What you are asked to do: Your output should be the entries below, from the first line up to and including the line with "X100000000Y-132000000D01*", reproduced exactly and with no other lines.

(Stored data entries)
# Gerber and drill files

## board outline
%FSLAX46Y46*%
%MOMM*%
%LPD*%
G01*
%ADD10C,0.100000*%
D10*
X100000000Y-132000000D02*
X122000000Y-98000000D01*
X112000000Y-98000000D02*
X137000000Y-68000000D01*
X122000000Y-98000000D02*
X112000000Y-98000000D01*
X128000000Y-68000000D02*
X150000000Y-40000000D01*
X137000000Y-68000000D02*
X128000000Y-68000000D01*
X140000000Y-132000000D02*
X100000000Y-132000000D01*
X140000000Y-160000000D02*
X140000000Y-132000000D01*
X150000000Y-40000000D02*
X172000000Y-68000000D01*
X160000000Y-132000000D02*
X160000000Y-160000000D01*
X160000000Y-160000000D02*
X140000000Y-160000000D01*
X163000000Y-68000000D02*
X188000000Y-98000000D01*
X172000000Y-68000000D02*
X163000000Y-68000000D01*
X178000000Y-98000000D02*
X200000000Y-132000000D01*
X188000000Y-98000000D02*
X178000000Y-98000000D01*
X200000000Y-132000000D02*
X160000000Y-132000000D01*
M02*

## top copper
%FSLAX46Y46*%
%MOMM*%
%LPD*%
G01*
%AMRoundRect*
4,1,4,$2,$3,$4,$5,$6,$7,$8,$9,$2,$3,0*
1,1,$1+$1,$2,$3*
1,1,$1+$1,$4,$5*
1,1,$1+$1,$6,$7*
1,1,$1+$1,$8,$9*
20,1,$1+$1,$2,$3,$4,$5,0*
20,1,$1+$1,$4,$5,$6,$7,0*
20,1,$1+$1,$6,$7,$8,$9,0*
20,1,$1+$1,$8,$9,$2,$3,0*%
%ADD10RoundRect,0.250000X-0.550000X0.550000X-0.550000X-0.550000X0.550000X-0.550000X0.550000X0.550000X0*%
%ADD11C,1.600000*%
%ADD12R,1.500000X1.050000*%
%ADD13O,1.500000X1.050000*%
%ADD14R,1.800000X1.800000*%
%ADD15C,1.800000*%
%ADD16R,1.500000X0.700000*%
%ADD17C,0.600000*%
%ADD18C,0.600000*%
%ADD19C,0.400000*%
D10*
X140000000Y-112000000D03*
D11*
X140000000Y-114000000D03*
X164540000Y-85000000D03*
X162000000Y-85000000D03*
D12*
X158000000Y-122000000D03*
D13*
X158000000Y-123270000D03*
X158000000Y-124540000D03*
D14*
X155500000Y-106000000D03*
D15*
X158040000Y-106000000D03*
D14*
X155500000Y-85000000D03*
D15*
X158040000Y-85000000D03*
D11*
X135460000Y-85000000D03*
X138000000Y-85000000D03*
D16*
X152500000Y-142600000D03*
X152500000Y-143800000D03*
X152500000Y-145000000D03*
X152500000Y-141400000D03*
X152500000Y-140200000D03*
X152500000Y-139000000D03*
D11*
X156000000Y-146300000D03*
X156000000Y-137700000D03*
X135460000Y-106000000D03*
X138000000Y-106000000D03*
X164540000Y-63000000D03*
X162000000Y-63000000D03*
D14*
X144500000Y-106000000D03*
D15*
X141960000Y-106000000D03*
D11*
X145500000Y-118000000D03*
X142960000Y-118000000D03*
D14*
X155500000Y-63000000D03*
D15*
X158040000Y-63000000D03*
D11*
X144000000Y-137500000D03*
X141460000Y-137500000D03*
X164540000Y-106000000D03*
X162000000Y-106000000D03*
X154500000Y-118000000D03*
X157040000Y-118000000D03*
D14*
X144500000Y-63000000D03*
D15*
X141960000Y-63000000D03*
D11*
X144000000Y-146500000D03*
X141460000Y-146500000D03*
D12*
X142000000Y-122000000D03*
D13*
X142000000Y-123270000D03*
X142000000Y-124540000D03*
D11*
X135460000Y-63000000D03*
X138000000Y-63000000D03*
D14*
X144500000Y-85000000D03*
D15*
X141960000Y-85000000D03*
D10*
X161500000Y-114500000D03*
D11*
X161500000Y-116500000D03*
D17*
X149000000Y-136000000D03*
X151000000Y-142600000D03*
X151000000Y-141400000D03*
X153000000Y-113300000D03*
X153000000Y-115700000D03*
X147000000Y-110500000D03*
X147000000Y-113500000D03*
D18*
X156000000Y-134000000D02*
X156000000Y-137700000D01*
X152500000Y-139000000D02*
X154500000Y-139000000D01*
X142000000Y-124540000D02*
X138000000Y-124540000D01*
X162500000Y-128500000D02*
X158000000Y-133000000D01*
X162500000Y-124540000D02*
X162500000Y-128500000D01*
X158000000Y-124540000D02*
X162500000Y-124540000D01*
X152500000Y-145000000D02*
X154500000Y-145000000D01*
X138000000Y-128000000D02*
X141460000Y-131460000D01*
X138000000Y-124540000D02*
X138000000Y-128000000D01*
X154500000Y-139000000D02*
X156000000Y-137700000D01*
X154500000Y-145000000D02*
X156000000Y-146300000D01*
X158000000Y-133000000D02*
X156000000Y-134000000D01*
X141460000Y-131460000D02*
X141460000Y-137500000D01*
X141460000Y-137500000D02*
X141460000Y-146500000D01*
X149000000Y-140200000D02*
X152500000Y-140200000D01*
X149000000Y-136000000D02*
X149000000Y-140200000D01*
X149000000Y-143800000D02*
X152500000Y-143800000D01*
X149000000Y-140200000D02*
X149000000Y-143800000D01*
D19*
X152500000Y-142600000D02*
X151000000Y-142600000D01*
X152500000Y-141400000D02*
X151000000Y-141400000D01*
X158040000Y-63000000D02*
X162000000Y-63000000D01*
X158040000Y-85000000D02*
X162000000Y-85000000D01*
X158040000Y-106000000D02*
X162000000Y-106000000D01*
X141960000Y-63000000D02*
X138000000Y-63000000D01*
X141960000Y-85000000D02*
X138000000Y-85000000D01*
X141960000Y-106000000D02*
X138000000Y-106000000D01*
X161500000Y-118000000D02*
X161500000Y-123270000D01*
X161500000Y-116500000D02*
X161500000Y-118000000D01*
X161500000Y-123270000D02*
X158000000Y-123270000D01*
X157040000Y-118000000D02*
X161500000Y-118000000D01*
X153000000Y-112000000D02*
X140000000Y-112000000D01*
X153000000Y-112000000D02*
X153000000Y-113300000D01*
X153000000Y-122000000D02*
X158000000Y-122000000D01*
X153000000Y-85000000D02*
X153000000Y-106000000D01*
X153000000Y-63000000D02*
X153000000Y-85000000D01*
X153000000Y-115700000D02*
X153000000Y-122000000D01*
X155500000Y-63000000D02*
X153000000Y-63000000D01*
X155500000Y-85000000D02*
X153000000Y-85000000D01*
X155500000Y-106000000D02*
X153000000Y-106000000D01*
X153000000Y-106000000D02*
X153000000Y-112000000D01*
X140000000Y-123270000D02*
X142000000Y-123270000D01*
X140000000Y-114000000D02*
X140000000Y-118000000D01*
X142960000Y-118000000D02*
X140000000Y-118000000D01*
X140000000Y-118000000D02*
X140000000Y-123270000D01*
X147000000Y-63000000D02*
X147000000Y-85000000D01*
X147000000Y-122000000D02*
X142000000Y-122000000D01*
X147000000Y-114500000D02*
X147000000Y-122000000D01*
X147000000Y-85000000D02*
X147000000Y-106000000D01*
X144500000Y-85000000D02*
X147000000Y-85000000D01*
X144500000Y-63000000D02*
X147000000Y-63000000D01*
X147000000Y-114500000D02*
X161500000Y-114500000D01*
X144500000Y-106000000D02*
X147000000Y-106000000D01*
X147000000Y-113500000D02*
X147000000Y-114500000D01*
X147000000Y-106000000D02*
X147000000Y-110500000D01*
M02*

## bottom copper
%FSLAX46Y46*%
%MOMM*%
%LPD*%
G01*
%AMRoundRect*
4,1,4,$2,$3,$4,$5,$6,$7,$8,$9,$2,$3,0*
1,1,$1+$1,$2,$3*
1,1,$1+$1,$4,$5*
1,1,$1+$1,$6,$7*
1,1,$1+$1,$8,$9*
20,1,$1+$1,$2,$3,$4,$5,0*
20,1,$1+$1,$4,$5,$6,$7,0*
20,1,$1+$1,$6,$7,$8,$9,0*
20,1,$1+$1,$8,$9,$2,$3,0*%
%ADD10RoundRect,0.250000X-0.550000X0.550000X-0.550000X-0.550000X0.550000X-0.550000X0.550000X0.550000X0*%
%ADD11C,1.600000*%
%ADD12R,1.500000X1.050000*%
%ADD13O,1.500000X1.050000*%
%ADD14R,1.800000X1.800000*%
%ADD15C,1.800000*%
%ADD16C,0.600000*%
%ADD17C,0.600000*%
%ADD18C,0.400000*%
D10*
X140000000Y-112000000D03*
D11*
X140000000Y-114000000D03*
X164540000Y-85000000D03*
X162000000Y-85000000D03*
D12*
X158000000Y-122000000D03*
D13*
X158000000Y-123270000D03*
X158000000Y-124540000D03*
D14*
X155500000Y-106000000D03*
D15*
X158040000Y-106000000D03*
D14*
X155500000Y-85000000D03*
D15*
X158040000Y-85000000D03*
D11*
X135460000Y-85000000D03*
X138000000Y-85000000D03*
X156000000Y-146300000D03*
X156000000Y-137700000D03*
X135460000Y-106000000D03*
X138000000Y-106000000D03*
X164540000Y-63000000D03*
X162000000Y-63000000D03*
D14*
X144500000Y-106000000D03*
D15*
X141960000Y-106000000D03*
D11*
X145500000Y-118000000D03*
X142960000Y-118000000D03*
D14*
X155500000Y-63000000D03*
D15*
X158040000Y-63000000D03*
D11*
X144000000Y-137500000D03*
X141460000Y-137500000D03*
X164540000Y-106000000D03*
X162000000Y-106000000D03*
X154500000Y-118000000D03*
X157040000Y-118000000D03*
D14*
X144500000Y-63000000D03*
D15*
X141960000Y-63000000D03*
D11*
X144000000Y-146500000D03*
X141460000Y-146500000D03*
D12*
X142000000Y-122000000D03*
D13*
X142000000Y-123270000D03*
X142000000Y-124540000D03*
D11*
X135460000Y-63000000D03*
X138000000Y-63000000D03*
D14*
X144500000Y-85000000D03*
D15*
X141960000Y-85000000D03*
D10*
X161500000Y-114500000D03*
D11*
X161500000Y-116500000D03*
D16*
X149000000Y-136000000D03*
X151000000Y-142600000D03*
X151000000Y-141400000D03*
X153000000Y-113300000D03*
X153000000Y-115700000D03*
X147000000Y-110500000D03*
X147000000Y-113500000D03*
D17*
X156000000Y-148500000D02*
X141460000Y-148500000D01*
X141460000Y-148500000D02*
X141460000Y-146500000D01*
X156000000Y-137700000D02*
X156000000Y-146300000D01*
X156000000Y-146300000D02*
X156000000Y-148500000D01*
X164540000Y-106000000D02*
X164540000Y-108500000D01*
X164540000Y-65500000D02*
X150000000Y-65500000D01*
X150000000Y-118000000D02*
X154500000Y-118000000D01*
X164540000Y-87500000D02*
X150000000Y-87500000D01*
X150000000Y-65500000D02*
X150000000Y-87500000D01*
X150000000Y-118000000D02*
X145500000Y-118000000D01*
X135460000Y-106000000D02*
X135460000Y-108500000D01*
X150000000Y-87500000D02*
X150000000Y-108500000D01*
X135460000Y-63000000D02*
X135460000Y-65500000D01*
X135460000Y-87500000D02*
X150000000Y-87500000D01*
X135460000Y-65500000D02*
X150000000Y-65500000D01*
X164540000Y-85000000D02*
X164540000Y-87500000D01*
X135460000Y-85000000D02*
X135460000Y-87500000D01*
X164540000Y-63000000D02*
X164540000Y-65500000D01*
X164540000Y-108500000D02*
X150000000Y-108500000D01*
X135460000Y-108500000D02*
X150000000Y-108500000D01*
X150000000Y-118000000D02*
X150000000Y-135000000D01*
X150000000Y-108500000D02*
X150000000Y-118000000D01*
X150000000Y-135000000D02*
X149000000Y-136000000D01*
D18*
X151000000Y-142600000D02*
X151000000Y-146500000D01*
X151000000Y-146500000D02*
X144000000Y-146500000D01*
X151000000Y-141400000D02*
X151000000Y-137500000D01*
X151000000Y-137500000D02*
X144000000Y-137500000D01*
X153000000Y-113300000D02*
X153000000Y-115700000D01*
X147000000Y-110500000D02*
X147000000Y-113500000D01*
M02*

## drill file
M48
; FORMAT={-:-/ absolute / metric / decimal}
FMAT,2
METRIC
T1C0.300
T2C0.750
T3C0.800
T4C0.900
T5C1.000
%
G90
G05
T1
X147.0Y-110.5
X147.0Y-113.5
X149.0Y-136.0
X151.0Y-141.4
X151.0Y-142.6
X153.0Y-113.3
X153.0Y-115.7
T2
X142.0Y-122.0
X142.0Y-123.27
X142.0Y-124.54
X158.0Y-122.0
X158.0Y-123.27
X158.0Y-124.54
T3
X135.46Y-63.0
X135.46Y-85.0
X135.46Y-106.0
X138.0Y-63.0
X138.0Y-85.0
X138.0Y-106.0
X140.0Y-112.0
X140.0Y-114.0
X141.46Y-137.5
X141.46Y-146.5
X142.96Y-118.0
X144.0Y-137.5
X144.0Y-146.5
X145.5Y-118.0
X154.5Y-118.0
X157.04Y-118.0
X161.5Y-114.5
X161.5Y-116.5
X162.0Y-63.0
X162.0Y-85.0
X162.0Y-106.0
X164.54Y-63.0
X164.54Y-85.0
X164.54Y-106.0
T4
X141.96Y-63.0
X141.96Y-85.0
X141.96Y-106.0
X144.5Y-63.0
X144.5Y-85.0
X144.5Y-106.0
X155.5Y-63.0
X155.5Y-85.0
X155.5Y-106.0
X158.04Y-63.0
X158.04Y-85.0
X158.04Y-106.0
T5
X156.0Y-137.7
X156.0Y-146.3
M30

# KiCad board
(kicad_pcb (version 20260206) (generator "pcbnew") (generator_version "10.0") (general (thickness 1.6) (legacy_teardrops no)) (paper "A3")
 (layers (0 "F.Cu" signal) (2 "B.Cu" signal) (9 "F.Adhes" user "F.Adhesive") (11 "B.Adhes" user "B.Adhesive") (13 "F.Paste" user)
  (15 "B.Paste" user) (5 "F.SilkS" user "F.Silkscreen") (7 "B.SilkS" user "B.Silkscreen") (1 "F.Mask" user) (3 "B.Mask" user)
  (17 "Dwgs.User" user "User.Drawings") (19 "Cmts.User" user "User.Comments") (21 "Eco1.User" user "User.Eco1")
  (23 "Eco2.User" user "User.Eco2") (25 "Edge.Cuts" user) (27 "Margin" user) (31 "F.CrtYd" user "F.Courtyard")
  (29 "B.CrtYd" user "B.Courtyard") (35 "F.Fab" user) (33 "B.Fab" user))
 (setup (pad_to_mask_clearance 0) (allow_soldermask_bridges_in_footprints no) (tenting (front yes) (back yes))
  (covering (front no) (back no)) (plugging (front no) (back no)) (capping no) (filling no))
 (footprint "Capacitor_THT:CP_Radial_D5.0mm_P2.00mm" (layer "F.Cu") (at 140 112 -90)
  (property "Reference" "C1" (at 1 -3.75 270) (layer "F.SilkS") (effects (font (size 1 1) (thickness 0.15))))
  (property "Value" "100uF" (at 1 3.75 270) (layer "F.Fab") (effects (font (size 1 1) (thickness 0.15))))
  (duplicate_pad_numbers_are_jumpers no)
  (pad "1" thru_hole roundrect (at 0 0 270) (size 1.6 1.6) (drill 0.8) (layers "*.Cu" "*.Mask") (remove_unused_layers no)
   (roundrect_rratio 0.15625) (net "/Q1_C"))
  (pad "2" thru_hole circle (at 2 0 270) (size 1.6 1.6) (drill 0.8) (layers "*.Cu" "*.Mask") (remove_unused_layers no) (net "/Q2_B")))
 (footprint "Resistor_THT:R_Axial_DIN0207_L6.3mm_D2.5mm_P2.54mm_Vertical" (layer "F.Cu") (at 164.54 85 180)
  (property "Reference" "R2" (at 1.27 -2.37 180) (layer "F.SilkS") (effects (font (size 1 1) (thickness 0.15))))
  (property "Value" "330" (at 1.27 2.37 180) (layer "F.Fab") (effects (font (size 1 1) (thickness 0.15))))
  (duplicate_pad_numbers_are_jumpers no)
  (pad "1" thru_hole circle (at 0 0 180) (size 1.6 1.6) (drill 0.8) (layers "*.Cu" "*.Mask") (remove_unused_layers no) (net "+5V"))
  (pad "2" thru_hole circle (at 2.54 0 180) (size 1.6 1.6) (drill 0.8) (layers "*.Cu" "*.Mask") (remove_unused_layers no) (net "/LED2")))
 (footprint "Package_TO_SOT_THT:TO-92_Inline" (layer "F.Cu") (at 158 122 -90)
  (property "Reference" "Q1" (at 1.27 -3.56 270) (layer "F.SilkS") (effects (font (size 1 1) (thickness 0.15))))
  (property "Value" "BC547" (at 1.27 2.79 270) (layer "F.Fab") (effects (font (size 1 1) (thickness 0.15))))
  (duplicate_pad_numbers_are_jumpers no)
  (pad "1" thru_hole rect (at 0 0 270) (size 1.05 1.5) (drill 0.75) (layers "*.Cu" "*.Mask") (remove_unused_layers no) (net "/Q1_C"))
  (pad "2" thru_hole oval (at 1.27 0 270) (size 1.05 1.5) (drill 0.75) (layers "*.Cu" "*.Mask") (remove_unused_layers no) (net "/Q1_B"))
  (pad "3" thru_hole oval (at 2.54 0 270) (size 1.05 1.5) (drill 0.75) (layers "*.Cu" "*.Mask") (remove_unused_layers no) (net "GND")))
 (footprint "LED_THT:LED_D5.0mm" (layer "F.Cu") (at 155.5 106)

Answer box:
# Gerber and drill files

## board outline
%FSLAX46Y46*%
%MOMM*%
%LPD*%
G01*
%ADD10C,0.100000*%
D10*
X100000000Y-132000000D02*
X122000000Y-98000000D01*
X112000000Y-98000000D02*
X137000000Y-68000000D01*
X122000000Y-98000000D02*
X112000000Y-98000000D01*
X128000000Y-68000000D02*
X150000000Y-40000000D01*
X137000000Y-68000000D02*
X128000000Y-68000000D01*
X140000000Y-132000000D02*
X100000000Y-132000000D01*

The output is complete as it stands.